Oh lord I don't remember, you'll have to ask him.



gsgary said:


> What don't you like about focus in the cat shot ? the most important thing the cat looks in focus, that is the best shot



I think it's that the majority is oof that's throwing me a bit and I'm so familiar with the cat I expect to see more of his markings and the screen is toning them down.



vintagesnaps said:


> The cat/the screen does look more in focus than the rest of the picture, but a fun shot - you got some nice photos.
> 
> What in the world does Timor's T shirt say?? lol



Thanks Sharon, his shirt says "Got Beer?" lol!!


----------



## gsgary (Aug 4, 2014)

PixelRabbit said:


> Thanks all!
> 
> 
> 
> ...



I recognised piwo i drank loads in Poland with my partners family


----------



## timor (Aug 4, 2014)

Derrel said:


> I can imagine Timor asking you Zone System questions, like,"Now, what zone are we aiming to place the metered area at?" and so on. And also more obscure stuff also, like, "Now Judi, we know that Ansel Adams is to _doing_ photography using the Zone System as Minor White is to ______________ with the zone system." Stuff like that!


 Ha, no, we never got that far. Judy had first time in her life independent meter in her hand and right-a-way spot and we didn't have much time,. it was already past six afternoon, light was fading. First thing I wanted her to accustom to is that spot is always showing settings for zone 5 and how to discover dynamic range of the subject.


----------



## timor (Aug 4, 2014)

gsgary said:


> what light meter is he using a sekonic 508 ?

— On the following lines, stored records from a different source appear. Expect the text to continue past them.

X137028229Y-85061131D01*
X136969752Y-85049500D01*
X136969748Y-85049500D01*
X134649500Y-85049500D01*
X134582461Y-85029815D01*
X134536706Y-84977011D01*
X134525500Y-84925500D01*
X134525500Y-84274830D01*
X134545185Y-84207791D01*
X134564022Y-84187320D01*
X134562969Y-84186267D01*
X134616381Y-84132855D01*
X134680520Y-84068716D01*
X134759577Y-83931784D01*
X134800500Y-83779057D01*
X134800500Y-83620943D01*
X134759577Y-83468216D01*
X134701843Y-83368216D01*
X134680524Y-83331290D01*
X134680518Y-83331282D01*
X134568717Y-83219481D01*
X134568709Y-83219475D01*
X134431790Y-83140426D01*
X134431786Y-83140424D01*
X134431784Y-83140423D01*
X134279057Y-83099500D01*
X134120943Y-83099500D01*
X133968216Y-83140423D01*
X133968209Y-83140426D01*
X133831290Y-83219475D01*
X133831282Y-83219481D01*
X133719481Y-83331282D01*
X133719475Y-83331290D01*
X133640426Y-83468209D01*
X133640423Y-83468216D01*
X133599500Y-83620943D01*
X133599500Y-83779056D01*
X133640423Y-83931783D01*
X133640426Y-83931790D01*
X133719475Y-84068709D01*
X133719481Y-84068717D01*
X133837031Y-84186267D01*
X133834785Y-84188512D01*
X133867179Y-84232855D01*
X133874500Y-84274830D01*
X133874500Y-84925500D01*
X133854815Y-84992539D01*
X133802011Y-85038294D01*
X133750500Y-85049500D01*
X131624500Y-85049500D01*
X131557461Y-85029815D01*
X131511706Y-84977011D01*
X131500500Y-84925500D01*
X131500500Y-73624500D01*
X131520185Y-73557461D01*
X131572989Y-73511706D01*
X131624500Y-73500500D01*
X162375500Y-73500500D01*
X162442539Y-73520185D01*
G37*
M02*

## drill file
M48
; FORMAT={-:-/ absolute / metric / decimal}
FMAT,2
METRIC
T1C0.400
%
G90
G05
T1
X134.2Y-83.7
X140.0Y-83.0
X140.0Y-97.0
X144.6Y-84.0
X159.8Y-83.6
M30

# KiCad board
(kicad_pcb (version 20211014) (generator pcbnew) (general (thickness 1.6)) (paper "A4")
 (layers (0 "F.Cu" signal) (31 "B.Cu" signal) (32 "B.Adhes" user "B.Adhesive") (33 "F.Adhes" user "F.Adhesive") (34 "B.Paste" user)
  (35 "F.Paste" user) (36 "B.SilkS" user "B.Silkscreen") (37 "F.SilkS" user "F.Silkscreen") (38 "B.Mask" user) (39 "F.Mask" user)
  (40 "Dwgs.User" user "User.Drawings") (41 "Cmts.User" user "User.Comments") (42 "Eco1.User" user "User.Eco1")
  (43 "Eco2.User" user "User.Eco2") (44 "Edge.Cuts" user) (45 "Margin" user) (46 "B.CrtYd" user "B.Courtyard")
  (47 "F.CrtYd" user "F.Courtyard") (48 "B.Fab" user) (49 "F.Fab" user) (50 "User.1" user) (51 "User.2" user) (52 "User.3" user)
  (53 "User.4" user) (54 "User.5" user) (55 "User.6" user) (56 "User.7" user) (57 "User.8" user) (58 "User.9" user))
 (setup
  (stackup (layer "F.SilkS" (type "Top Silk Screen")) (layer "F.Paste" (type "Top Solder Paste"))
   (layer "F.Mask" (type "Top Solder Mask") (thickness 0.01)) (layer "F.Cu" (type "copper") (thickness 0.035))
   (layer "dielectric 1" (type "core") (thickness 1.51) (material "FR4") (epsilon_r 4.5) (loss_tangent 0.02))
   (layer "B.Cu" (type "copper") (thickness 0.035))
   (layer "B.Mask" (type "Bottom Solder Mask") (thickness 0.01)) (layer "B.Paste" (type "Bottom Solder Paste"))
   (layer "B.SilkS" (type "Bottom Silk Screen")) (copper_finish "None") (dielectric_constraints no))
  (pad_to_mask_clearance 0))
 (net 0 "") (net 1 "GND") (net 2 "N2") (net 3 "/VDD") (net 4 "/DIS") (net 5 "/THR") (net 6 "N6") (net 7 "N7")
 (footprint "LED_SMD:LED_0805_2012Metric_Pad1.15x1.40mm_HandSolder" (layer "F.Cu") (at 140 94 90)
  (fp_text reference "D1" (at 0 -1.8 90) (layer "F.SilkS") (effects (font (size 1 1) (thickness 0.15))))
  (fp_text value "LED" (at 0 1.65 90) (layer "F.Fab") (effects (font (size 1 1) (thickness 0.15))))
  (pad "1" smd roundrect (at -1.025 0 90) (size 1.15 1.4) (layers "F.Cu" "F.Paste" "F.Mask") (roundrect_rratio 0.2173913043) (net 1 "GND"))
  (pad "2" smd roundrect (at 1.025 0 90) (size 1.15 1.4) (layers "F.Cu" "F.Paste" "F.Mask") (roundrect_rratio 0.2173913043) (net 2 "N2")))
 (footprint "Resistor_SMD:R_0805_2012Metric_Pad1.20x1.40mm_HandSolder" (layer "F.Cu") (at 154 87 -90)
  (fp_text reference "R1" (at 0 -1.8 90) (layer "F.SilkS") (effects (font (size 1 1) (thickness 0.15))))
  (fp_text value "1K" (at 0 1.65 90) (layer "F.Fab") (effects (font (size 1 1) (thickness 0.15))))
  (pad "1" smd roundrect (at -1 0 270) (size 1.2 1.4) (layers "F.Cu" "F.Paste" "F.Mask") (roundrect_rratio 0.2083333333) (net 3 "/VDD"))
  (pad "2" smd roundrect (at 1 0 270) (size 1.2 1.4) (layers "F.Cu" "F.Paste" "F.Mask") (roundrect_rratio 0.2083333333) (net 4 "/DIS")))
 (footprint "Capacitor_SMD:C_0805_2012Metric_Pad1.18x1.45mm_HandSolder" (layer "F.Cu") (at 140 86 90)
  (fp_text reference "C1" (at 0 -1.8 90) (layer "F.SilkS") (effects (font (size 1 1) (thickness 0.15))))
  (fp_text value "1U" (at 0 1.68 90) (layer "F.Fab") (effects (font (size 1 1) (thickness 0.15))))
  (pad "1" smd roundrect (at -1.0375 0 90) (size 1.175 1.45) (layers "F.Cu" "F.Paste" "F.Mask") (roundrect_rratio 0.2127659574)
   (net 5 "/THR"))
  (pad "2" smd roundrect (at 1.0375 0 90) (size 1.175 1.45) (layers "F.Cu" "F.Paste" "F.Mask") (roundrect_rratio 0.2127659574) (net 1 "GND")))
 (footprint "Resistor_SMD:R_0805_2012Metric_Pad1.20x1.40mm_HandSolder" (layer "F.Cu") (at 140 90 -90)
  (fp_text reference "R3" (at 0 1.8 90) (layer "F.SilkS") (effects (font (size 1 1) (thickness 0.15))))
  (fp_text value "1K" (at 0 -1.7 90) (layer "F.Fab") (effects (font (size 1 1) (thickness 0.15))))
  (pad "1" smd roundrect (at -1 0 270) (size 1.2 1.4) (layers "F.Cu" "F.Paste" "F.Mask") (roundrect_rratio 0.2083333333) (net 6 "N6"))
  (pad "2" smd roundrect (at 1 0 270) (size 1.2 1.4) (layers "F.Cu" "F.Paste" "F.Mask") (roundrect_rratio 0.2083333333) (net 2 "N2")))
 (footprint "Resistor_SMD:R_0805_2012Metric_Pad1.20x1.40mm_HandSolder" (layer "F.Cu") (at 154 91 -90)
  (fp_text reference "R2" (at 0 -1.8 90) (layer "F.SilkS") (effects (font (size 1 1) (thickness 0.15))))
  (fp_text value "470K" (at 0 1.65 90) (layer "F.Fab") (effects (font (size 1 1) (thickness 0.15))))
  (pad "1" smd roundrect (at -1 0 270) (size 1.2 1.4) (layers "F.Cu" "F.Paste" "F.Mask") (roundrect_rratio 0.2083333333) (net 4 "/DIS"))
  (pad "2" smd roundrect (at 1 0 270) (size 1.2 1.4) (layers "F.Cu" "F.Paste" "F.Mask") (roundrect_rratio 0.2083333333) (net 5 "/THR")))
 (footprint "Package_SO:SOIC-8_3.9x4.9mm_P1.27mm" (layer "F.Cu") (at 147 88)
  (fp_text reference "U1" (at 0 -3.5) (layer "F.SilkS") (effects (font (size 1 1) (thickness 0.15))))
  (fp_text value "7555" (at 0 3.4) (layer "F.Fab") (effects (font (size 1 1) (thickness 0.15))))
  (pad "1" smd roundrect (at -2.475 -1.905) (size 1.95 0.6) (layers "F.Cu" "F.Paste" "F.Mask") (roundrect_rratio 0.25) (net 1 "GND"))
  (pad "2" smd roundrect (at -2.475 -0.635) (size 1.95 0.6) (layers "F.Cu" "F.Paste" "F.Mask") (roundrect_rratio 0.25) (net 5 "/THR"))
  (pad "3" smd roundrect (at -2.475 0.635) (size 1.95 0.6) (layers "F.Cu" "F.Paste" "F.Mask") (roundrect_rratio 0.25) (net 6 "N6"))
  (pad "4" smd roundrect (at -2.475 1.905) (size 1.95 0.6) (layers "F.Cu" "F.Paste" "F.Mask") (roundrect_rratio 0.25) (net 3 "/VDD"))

No Gary, we were using Sekonic 758 and Sekonic 398 as a verification.


----------



## timor (Aug 4, 2014)

vintagesnaps said:


> The cat/the screen does look more in focus than the rest of the picture,


 Hey, how much DoF you gonna have shooting with f 1.4 from two feet ? Judy did good job getting the most important things into the focus plane. She was using Pentax Spotmatic F with SMC Takumar 50/1.4 first time in her life and that was sixth or seventh frame. She did excellent job in given conditions.


----------



## gsgary (Aug 5, 2014)

timor said:


> No Gary, we were using Sekonic 758 and Sekonic 398 as a verification.



The more expensive one


----------



## timor (Aug 5, 2014)

gsgary said:


> timor said:
> 
> 
> > No Gary, we were using Sekonic 758 and Sekonic 398 as a verification.
> ...


the only one I could buy factory new.


----------